El síndrome de Cushing se caracteriza por una serie de signos y síntomas ocasionados por las concentraciones excesivamente elevadas de cortisol en sangre. El cortisol se produce en la parte más externa de las glándulas suprarrenales que es la corteza suprarrenal. Es una hormona esteroidea que participa en el metabolismo de las proteínas y los lípidos y estimula la producción de glucosa en el hígado. Forma parte de la respuesta del organismo al estrés físico y emocional, regula la presión arterial, controla la inflamación y puede afectar a la función cardiovascular. Las glándulas suprarrenales se localizan en la parte superior de cada uno de los riñones. Forman parte del sistema endocrino, una red de glándulas que se comunican entre sí y con otros órganos mediante la liberación de hormonas. La corteza suprarrenal produce hormonas esteroideas como el cortisol o la aldosterona y andrógenos de origen suprarrenal, principalmente la deshidroepiandrosterona (DHEA).
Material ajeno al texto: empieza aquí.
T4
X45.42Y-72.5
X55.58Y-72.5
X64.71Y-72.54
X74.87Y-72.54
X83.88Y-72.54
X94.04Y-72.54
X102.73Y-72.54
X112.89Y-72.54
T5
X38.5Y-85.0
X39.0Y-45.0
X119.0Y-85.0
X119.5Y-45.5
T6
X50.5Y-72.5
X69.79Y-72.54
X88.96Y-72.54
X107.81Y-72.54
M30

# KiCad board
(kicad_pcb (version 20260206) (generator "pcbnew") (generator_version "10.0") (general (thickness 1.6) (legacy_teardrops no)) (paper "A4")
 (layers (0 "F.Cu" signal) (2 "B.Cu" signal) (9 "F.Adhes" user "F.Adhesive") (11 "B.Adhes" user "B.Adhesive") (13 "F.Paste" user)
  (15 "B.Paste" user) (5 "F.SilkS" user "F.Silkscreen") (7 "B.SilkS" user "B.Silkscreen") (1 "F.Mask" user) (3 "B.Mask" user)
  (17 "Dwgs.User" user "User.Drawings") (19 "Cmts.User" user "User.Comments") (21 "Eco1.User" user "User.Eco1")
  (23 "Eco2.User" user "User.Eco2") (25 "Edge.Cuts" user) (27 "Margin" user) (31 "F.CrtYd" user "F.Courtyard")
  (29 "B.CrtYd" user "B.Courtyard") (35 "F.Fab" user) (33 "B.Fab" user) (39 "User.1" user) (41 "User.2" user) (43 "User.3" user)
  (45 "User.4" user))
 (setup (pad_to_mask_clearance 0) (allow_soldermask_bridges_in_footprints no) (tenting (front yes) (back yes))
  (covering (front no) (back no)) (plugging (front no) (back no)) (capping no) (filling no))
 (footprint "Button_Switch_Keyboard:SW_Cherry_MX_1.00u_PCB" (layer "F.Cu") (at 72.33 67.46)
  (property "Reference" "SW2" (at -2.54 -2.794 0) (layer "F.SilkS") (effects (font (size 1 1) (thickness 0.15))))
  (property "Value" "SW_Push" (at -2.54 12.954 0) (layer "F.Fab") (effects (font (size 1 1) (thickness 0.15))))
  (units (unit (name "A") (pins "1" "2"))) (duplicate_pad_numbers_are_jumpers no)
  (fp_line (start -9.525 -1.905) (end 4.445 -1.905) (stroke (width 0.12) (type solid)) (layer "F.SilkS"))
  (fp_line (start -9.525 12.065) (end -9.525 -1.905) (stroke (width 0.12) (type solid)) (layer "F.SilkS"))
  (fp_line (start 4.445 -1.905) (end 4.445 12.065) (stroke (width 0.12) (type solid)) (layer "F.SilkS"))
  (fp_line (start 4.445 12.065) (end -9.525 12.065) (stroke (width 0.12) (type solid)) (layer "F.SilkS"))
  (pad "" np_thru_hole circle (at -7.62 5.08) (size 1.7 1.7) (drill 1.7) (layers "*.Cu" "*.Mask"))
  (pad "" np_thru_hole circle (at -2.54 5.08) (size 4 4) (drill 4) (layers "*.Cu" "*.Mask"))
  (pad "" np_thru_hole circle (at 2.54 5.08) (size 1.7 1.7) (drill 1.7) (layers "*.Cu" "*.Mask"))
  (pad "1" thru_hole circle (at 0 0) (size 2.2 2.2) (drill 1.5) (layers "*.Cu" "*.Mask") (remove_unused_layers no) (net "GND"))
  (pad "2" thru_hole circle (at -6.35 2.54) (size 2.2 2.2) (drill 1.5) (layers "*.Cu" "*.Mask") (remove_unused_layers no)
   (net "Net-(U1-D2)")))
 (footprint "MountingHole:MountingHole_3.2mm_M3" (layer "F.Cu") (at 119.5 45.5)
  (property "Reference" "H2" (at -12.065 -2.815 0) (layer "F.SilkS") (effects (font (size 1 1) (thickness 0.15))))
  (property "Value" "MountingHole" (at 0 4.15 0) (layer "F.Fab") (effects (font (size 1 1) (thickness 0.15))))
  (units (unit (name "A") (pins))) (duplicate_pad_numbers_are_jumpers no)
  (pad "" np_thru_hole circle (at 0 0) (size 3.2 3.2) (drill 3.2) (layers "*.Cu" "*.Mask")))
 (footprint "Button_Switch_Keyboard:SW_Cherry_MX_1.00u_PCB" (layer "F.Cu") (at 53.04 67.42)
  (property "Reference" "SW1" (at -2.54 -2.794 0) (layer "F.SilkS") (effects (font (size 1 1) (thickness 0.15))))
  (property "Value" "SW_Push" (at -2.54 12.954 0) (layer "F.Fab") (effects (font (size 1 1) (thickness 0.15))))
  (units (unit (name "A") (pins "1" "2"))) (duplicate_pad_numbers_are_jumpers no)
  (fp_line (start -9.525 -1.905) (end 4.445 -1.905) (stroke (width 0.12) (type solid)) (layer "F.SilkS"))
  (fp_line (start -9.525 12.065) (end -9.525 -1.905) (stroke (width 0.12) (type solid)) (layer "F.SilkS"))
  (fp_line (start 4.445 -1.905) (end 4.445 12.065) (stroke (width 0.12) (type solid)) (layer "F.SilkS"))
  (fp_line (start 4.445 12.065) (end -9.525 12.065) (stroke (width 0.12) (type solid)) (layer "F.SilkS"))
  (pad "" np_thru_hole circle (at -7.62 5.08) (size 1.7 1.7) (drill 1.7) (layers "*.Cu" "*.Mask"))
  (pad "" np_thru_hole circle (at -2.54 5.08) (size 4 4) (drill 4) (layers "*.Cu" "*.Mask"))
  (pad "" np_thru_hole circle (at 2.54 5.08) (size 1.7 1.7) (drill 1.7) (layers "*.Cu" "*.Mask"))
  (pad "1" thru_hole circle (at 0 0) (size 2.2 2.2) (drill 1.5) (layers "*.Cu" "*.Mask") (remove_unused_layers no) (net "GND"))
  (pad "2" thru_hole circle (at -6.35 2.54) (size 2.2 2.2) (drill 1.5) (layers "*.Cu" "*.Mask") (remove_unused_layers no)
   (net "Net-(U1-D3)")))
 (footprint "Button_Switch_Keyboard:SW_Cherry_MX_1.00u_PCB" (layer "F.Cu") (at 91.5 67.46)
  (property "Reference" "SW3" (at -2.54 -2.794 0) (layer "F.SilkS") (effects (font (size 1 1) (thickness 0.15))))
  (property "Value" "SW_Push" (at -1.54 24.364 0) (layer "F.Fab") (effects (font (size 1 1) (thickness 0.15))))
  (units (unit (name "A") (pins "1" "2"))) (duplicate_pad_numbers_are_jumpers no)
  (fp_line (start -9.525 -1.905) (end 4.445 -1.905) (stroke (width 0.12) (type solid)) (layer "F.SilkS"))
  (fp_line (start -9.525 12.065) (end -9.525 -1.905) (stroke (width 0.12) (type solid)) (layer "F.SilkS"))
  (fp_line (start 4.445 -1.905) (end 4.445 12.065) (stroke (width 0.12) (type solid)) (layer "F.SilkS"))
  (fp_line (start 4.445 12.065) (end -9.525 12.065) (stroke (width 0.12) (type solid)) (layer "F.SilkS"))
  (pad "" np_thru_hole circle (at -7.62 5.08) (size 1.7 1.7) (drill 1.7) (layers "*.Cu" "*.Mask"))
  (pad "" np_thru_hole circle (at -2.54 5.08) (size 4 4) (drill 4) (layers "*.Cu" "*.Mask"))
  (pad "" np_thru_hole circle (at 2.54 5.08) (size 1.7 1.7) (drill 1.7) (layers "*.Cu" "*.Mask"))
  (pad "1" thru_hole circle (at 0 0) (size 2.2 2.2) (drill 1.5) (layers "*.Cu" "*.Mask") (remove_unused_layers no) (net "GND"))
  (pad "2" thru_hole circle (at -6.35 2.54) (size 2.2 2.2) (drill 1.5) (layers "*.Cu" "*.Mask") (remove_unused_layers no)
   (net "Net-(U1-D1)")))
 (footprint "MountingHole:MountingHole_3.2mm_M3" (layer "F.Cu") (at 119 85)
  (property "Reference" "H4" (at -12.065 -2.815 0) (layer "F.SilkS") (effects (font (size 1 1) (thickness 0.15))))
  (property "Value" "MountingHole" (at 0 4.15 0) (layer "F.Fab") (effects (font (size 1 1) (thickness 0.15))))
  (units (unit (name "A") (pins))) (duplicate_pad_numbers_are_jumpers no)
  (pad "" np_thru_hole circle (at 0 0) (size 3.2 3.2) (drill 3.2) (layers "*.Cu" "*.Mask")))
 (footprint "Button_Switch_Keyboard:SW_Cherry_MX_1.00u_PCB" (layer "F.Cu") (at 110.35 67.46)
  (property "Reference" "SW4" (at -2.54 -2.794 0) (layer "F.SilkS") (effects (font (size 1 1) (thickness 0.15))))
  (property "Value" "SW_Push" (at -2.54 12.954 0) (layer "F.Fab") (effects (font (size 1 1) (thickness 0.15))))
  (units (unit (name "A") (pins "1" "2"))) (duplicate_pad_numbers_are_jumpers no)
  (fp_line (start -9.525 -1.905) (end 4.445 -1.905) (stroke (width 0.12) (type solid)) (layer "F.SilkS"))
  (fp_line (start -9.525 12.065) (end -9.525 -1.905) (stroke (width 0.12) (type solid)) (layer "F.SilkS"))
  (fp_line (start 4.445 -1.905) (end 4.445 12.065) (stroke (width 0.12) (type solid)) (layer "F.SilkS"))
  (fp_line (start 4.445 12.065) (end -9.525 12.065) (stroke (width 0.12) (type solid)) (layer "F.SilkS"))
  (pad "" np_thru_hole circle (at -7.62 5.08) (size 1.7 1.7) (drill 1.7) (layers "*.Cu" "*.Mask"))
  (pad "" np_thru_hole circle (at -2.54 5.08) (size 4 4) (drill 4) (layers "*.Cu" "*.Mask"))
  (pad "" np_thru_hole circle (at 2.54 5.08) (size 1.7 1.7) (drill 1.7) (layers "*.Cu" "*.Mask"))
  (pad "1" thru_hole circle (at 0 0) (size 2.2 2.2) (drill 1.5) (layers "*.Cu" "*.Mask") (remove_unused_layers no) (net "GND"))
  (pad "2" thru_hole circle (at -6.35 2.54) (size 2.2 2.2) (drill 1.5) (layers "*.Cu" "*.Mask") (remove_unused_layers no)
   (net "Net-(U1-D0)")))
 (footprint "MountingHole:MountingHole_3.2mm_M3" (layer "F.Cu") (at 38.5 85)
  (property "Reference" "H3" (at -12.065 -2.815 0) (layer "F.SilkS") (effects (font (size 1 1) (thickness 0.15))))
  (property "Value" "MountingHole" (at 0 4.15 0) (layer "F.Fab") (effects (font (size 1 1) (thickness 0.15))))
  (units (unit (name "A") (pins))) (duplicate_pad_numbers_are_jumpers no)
La producción de cortisol está controlada por un mecanismo de retroalimentación en el que participan las glándulas suprarrenales, la hipófisis y el hipotálamo. Cuando el cortisol disminuye, el hipotálamo produce la hormona liberadora de la corticotropina (CRH). Esta a su vez estimula a la hipófisis para que empiece a secretar hormona adrenocorticotropa (ACTH). La ACTH estimula a las glándulas suprarrenales para que fabriquen y liberen cortisol. Cuando el cortisol aumenta, la producción de CRH y de ACTH disminuye.
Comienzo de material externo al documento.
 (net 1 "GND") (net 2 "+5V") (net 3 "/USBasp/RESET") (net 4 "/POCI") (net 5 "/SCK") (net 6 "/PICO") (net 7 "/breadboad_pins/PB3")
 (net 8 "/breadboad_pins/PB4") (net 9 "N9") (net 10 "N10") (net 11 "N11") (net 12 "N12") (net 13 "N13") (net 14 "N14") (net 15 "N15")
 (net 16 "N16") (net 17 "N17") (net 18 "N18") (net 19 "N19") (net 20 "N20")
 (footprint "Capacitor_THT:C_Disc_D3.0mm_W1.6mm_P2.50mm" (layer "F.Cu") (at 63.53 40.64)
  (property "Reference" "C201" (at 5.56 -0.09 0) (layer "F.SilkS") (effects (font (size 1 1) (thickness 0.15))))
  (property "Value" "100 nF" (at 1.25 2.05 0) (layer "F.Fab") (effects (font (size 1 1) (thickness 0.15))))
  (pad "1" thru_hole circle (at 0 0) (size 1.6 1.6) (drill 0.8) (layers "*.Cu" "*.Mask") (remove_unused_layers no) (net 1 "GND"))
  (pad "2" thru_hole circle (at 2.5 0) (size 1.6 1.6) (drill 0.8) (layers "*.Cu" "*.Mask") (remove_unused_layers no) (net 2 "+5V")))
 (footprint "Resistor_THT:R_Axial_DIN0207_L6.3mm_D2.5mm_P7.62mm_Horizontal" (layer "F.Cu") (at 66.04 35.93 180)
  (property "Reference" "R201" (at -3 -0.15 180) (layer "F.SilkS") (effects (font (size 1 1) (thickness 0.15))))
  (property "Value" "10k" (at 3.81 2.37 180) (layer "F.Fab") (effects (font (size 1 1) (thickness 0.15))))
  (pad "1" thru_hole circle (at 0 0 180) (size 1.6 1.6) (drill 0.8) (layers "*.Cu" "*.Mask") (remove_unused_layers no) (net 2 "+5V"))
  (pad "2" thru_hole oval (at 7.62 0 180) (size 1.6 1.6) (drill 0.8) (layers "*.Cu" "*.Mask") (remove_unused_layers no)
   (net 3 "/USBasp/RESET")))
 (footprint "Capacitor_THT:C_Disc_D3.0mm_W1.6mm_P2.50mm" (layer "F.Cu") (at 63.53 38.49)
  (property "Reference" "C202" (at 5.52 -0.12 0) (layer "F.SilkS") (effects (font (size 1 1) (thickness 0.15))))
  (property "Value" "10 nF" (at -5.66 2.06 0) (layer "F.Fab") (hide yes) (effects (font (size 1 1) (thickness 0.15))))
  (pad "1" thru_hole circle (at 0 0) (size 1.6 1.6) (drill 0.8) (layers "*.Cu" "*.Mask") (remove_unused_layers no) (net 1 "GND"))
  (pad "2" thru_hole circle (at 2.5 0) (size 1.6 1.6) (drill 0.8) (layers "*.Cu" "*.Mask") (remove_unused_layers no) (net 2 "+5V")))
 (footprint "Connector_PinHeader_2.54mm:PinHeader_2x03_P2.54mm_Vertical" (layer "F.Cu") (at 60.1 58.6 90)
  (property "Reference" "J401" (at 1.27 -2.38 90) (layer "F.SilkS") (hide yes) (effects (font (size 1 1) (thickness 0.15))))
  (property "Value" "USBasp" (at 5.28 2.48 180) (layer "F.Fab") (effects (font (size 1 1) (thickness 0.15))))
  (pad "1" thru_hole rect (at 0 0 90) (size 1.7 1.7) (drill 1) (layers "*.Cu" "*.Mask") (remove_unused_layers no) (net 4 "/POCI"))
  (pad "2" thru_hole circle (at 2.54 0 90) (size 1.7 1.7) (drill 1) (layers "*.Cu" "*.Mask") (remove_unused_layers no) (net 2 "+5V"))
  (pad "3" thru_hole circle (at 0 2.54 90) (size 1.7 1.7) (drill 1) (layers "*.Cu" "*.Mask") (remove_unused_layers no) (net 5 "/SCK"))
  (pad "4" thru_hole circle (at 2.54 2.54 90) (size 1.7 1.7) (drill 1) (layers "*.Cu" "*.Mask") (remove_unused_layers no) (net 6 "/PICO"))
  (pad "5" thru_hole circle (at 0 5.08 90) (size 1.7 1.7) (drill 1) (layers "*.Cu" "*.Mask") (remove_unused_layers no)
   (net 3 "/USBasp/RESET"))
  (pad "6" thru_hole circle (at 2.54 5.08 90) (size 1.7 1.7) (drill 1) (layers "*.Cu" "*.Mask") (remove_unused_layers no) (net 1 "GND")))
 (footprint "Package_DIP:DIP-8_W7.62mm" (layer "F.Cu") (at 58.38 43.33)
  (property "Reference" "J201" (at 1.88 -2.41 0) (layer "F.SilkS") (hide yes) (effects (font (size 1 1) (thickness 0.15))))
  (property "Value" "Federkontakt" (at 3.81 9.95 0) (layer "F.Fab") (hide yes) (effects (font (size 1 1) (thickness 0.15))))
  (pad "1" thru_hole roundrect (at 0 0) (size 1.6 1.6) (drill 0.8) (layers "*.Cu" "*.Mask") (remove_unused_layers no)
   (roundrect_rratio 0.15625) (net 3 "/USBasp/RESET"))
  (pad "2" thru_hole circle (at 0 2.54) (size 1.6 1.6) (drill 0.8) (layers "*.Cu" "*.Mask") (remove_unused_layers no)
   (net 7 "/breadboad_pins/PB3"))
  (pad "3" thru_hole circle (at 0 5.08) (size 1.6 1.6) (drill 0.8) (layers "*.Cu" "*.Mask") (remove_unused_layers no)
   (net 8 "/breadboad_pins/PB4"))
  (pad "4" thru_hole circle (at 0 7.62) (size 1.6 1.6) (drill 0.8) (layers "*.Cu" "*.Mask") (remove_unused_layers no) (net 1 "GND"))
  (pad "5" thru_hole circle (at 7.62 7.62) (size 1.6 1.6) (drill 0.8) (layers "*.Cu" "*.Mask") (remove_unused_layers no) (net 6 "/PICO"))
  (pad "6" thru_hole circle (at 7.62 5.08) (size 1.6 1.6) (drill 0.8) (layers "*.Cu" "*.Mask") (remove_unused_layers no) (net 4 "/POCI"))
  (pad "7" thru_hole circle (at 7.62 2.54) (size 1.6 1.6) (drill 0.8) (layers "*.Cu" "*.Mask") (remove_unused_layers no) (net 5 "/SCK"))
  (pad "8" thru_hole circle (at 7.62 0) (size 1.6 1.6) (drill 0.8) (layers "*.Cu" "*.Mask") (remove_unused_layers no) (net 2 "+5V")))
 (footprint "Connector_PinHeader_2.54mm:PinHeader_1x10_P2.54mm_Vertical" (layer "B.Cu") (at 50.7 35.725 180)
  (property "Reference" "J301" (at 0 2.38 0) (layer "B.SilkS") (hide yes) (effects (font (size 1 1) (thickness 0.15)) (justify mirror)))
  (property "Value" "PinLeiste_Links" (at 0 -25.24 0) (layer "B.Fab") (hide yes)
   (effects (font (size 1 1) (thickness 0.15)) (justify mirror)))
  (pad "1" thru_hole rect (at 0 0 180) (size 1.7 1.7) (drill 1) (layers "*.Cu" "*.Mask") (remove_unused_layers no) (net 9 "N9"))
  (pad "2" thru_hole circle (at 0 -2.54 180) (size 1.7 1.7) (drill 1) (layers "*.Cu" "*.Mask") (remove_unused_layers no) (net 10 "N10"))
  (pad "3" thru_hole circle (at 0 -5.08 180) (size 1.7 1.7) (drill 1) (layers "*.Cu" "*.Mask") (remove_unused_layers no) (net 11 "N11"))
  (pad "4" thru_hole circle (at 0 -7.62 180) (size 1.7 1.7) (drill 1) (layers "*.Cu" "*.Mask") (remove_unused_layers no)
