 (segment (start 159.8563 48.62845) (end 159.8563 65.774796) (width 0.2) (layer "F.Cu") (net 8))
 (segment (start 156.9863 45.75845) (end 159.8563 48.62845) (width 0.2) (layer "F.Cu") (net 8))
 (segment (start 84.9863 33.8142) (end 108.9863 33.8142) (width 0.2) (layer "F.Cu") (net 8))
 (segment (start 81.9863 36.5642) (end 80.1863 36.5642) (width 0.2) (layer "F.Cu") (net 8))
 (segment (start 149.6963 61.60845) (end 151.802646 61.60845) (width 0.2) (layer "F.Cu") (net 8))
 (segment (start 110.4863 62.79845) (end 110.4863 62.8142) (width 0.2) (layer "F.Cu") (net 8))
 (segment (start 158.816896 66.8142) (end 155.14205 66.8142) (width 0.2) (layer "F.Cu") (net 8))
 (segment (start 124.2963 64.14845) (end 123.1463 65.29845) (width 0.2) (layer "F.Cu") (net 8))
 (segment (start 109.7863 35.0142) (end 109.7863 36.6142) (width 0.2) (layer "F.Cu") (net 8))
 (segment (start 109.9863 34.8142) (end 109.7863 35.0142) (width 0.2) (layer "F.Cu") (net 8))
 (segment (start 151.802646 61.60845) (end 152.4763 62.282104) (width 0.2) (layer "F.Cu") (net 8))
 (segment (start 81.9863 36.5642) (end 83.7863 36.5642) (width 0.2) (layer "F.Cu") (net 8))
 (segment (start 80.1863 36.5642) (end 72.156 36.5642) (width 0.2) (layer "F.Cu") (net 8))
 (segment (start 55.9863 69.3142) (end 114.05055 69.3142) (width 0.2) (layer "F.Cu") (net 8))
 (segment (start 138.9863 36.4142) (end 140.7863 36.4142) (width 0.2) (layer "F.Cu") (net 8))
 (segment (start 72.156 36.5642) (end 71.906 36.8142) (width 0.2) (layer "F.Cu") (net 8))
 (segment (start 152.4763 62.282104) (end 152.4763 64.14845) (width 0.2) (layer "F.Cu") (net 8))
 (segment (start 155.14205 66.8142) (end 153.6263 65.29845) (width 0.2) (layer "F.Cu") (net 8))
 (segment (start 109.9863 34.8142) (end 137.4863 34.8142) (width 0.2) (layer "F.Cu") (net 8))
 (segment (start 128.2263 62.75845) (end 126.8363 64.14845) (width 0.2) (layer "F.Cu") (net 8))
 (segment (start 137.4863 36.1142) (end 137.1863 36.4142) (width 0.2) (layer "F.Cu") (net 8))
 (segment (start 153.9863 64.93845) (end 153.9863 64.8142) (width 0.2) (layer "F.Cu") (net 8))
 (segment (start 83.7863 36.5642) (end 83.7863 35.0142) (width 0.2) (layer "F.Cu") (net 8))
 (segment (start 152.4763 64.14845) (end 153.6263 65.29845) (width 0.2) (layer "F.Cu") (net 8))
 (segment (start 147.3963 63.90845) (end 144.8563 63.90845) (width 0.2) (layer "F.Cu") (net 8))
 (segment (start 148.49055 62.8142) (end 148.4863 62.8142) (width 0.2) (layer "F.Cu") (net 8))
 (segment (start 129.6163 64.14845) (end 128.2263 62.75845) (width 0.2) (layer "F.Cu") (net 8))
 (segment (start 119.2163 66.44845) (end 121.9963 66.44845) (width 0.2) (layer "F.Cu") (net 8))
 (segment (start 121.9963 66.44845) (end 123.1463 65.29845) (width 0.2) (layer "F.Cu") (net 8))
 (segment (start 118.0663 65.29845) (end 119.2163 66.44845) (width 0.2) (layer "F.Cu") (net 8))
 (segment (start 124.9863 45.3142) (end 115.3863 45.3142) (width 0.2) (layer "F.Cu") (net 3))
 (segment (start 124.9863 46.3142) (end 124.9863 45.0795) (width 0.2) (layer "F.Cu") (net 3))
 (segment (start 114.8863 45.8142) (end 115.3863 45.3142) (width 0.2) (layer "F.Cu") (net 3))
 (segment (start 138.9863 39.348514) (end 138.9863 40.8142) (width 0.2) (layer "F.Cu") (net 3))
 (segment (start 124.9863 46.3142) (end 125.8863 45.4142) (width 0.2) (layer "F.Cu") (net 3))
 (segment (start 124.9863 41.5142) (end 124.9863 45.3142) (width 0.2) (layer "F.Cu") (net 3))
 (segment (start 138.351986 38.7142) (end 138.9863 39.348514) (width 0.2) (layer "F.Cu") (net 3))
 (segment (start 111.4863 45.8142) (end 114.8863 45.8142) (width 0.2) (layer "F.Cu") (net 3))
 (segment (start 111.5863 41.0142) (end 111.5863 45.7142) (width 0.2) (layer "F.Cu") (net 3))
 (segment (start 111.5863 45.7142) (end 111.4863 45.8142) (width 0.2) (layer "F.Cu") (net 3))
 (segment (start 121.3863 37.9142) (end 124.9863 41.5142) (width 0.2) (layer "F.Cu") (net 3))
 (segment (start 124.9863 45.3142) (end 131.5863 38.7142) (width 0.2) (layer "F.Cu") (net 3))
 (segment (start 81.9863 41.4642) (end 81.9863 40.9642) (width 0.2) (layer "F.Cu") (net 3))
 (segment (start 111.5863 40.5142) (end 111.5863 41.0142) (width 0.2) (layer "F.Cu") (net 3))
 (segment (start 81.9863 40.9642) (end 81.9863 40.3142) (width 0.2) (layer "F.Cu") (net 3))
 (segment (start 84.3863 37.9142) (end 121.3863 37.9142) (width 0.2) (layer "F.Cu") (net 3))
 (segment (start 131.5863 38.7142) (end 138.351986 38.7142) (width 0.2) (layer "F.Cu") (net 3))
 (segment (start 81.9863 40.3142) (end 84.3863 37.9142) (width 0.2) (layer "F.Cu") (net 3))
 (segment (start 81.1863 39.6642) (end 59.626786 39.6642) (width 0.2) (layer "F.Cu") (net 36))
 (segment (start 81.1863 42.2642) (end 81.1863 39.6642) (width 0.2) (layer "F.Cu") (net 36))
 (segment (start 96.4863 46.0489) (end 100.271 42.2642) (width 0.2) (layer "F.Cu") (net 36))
El síndrome de Cushing es una entidad poco frecuente. Algunas posibles causas son:

  • Tratamiento prolongado con glucocorticoides, que son químicamente similares al cortisol (síndrome de Cushing iatrogénico): pueden recetarse en enfermedades como el asma, la artritis reumatoide, el lupus y otras enfermedades inflamatorias, y también después de un trasplante para debilitar al sistema inmunitario y disminuir las probabilidades de que se produzca un rechazo del órgano.
  • Enfermedad de Cushing: causada por un tumor hipofisario productor de un exceso de ACTH, que a su vez estimula a la glándula suprarrenal para que produzca cortisol. La enfermedad de Cushing representa alrededor del 40% de los casos de síndrome de Cushing. Es la causa más frecuente de exceso de producción de cortisol endógeno.
  • Sobreproducción primaria de cortisol por las glándulas suprarrenales debido a un tumor o a hiperplasia suprarrenal.
  • Tumor localizado en alguna otra parte del organismo como páncreas, pulmón o glándula tiroides, que produce ACTH fuera de la hipófisis (ectópica).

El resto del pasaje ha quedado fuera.